**RECORDS FOR THE TASK**
━━━━━━━━━━

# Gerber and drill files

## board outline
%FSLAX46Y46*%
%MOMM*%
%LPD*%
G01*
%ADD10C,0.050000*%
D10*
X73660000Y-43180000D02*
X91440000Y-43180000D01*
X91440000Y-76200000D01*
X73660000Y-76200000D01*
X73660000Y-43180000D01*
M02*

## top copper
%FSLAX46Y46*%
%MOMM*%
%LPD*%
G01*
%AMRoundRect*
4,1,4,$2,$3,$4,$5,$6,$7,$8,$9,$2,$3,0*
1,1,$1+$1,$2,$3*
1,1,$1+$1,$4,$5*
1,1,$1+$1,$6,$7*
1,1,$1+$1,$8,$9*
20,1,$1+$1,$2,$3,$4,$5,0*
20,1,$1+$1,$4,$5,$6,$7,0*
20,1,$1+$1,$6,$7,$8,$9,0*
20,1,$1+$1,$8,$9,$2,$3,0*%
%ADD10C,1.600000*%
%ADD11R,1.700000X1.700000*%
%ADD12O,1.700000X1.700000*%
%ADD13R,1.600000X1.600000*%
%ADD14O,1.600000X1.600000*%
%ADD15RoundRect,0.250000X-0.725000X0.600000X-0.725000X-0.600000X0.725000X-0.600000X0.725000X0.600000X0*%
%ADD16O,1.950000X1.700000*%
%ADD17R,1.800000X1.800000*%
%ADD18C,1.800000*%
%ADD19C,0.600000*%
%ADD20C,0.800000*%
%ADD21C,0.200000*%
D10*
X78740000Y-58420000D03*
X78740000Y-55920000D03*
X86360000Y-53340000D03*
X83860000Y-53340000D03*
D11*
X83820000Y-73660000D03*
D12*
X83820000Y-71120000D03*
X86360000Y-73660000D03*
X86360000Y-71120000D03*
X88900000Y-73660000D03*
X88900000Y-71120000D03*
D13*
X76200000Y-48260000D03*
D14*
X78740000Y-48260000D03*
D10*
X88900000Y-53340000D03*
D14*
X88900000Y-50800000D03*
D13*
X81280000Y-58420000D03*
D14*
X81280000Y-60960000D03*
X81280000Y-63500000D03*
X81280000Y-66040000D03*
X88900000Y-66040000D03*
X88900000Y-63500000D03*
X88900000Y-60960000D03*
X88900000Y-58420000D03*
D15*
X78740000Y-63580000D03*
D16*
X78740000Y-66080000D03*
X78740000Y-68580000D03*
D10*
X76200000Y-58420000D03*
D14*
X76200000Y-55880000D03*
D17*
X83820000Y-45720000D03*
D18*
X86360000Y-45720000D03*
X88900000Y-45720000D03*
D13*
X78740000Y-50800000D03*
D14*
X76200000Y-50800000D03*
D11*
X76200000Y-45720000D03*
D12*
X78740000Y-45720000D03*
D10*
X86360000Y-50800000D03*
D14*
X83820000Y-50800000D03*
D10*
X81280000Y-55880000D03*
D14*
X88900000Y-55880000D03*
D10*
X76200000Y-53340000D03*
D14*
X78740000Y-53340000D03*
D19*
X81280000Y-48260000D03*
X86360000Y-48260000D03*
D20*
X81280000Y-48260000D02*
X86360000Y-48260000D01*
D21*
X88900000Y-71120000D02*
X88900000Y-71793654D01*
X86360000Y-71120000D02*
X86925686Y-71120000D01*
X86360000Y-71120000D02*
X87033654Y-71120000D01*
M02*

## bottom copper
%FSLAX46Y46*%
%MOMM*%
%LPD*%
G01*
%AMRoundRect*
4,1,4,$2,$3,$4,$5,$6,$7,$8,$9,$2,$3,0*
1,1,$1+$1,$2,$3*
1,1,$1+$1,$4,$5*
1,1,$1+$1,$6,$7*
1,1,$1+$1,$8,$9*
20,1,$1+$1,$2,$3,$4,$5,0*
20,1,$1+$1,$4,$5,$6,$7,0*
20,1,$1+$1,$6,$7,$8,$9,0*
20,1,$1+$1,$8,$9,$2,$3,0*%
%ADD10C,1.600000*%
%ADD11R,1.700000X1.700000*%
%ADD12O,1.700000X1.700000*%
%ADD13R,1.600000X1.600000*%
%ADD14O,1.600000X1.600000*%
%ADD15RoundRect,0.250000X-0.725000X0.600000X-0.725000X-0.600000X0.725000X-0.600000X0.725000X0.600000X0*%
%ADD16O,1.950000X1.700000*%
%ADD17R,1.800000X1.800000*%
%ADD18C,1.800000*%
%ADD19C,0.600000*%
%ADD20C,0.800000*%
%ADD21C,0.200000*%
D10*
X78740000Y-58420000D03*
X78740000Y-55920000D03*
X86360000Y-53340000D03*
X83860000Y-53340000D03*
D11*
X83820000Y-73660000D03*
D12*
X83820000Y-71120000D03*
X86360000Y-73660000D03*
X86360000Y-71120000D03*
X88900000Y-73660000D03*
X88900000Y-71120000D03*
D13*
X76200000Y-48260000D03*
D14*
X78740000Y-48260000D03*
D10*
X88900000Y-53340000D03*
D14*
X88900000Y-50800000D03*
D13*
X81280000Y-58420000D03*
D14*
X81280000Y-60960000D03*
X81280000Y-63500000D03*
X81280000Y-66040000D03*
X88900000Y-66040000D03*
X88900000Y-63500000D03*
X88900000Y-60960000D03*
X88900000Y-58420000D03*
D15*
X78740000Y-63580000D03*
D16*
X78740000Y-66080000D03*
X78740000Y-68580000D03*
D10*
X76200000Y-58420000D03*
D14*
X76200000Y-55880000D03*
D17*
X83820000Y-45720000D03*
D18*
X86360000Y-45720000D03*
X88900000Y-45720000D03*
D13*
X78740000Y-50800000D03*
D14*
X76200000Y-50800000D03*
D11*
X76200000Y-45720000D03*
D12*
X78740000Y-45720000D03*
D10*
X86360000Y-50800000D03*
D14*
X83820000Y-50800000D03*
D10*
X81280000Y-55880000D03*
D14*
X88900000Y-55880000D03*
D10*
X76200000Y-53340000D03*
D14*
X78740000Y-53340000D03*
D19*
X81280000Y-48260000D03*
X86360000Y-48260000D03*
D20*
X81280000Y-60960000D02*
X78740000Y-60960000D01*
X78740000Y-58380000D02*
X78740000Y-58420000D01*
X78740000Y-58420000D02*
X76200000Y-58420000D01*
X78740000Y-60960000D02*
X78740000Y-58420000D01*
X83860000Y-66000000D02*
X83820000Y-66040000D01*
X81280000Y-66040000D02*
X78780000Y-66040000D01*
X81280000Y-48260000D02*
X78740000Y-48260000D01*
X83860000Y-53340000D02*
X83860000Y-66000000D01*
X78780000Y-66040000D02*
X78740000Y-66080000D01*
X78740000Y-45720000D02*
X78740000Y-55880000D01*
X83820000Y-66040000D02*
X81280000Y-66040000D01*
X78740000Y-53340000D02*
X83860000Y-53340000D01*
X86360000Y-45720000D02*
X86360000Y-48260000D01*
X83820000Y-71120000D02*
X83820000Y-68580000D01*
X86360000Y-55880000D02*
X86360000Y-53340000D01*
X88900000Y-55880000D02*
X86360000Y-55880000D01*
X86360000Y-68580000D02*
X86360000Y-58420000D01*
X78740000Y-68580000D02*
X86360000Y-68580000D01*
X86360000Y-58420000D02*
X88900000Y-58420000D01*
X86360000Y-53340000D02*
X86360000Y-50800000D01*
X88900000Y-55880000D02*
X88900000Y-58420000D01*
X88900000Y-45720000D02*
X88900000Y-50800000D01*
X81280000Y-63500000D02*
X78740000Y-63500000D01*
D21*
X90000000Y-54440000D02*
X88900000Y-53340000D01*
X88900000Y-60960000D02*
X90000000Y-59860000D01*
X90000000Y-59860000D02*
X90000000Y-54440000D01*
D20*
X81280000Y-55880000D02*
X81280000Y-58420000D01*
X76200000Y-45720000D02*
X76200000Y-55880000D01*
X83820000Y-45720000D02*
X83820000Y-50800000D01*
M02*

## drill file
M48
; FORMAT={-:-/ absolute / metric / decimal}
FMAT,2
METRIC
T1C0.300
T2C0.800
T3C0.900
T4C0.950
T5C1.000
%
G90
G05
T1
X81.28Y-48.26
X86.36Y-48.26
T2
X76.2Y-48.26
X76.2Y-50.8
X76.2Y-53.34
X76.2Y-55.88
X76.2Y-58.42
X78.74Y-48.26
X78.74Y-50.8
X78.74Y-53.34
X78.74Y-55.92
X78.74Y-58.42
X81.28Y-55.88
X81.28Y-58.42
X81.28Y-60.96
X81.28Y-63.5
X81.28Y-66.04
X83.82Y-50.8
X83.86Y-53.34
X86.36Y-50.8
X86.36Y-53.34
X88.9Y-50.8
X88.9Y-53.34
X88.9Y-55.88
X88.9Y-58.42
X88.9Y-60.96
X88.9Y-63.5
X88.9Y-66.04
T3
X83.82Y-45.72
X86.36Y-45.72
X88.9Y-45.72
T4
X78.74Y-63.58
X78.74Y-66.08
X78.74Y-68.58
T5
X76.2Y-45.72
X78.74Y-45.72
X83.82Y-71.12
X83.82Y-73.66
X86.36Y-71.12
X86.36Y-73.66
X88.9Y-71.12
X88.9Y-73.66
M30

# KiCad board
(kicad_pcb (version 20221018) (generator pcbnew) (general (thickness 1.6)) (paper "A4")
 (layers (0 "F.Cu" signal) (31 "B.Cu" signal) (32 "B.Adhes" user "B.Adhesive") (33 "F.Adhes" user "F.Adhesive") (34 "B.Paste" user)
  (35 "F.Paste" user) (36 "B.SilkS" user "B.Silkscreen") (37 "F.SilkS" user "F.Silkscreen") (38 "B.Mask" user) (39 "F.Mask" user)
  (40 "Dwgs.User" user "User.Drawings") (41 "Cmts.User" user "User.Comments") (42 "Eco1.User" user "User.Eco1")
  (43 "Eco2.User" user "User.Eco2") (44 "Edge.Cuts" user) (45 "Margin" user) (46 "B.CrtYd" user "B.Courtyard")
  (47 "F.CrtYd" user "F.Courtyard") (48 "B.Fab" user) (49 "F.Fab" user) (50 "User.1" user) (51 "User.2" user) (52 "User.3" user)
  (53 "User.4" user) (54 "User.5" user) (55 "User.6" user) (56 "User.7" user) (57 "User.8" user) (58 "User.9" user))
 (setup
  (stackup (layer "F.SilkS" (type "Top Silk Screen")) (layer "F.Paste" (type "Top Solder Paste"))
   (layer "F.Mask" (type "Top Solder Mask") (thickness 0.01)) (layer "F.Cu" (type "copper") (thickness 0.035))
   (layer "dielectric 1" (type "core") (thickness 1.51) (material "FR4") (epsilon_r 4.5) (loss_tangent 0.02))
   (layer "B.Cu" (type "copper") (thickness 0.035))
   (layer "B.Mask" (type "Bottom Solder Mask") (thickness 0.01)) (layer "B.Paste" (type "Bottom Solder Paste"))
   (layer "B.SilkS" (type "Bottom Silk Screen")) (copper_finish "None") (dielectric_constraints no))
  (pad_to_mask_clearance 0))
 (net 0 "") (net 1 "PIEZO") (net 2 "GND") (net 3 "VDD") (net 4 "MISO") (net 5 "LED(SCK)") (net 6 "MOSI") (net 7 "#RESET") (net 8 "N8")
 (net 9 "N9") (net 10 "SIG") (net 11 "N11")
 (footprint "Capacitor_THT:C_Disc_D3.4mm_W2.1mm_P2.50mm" (layer "F.Cu") (at 78.74 58.42 90)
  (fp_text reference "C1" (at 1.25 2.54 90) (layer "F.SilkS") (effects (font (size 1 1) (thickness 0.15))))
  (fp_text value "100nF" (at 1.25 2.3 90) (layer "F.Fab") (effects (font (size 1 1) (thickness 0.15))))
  (pad "1" thru_hole circle (at 0 0 90) (size 1.6 1.6) (drill 0.8) (layers "*.Cu" "*.Mask") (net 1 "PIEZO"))
  (pad "2" thru_hole circle (at 2.5 0 90) (size 1.6 1.6) (drill 0.8) (layers "*.Cu" "*.Mask") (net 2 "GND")))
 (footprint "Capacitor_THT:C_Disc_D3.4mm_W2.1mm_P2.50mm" (layer "F.Cu") (at 86.36 53.34 180)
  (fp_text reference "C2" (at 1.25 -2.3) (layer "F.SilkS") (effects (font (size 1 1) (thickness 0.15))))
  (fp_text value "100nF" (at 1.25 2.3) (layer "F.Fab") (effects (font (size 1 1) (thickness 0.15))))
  (pad "1" thru_hole circle (at 0 0 180) (size 1.6 1.6) (drill 0.8) (layers "*.Cu" "*.Mask") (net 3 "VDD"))
  (pad "2" thru_hole circle (at 2.5 0 180) (size 1.6 1.6) (drill 0.8) (layers "*.Cu" "*.Mask") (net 2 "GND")))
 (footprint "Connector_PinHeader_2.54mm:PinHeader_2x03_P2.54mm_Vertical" (layer "F.Cu") (at 83.82 73.66 90)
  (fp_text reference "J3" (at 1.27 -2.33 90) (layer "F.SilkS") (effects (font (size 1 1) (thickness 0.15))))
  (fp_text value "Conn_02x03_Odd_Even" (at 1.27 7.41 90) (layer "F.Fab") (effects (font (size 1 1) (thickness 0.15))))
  (pad "1" thru_hole rect (at 0 0 90) (size 1.7 1.7) (drill 1) (layers "*.Cu" "*.Mask") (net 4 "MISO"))
  (pad "2" thru_hole oval (at 2.54 0 90) (size 1.7 1.7) (drill 1) (layers "*.Cu" "*.Mask") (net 3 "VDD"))
  (pad "3" thru_hole oval (at 0 2.54 90) (size 1.7 1.7) (drill 1) (layers "*.Cu" "*.Mask") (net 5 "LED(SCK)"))
  (pad "4" thru_hole oval (at 2.54 2.54 90) (size 1.7 1.7) (drill 1) (layers "*.Cu" "*.Mask") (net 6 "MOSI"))
  (pad "5" thru_hole oval (at 0 5.08 90) (size 1.7 1.7) (drill 1) (layers "*.Cu" "*.Mask") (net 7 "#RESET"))
  (pad "6" thru_hole oval (at 2.54 5.08 90) (size 1.7 1.7) (drill 1) (layers "*.Cu" "*.Mask") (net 2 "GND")))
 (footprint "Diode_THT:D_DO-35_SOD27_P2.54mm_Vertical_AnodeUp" (layer "F.Cu") (at 76.2 48.26)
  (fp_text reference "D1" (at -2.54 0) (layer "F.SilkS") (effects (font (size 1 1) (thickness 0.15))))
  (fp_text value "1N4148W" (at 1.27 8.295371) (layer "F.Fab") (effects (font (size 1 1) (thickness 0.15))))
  (pad "1" thru_hole rect (at 0 0) (size 1.6 1.6) (drill 0.8) (layers "*.Cu" "*.Mask") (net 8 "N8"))
  (pad "2" thru_hole oval (at 2.54 0) (size 1.6 1.6) (drill 0.8) (layers "*.Cu" "*.Mask") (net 2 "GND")))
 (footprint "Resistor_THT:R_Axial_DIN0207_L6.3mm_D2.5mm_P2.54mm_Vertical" (layer "F.Cu") (at 88.9 53.34 90)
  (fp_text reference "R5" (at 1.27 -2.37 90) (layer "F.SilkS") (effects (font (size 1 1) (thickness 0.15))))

━━━━━━━━━━

**ACTIVITY**
Provide the count of lines in the data above that include the word "Paste", with no added text.

**ANSWER TO THIS PROBLEM**
4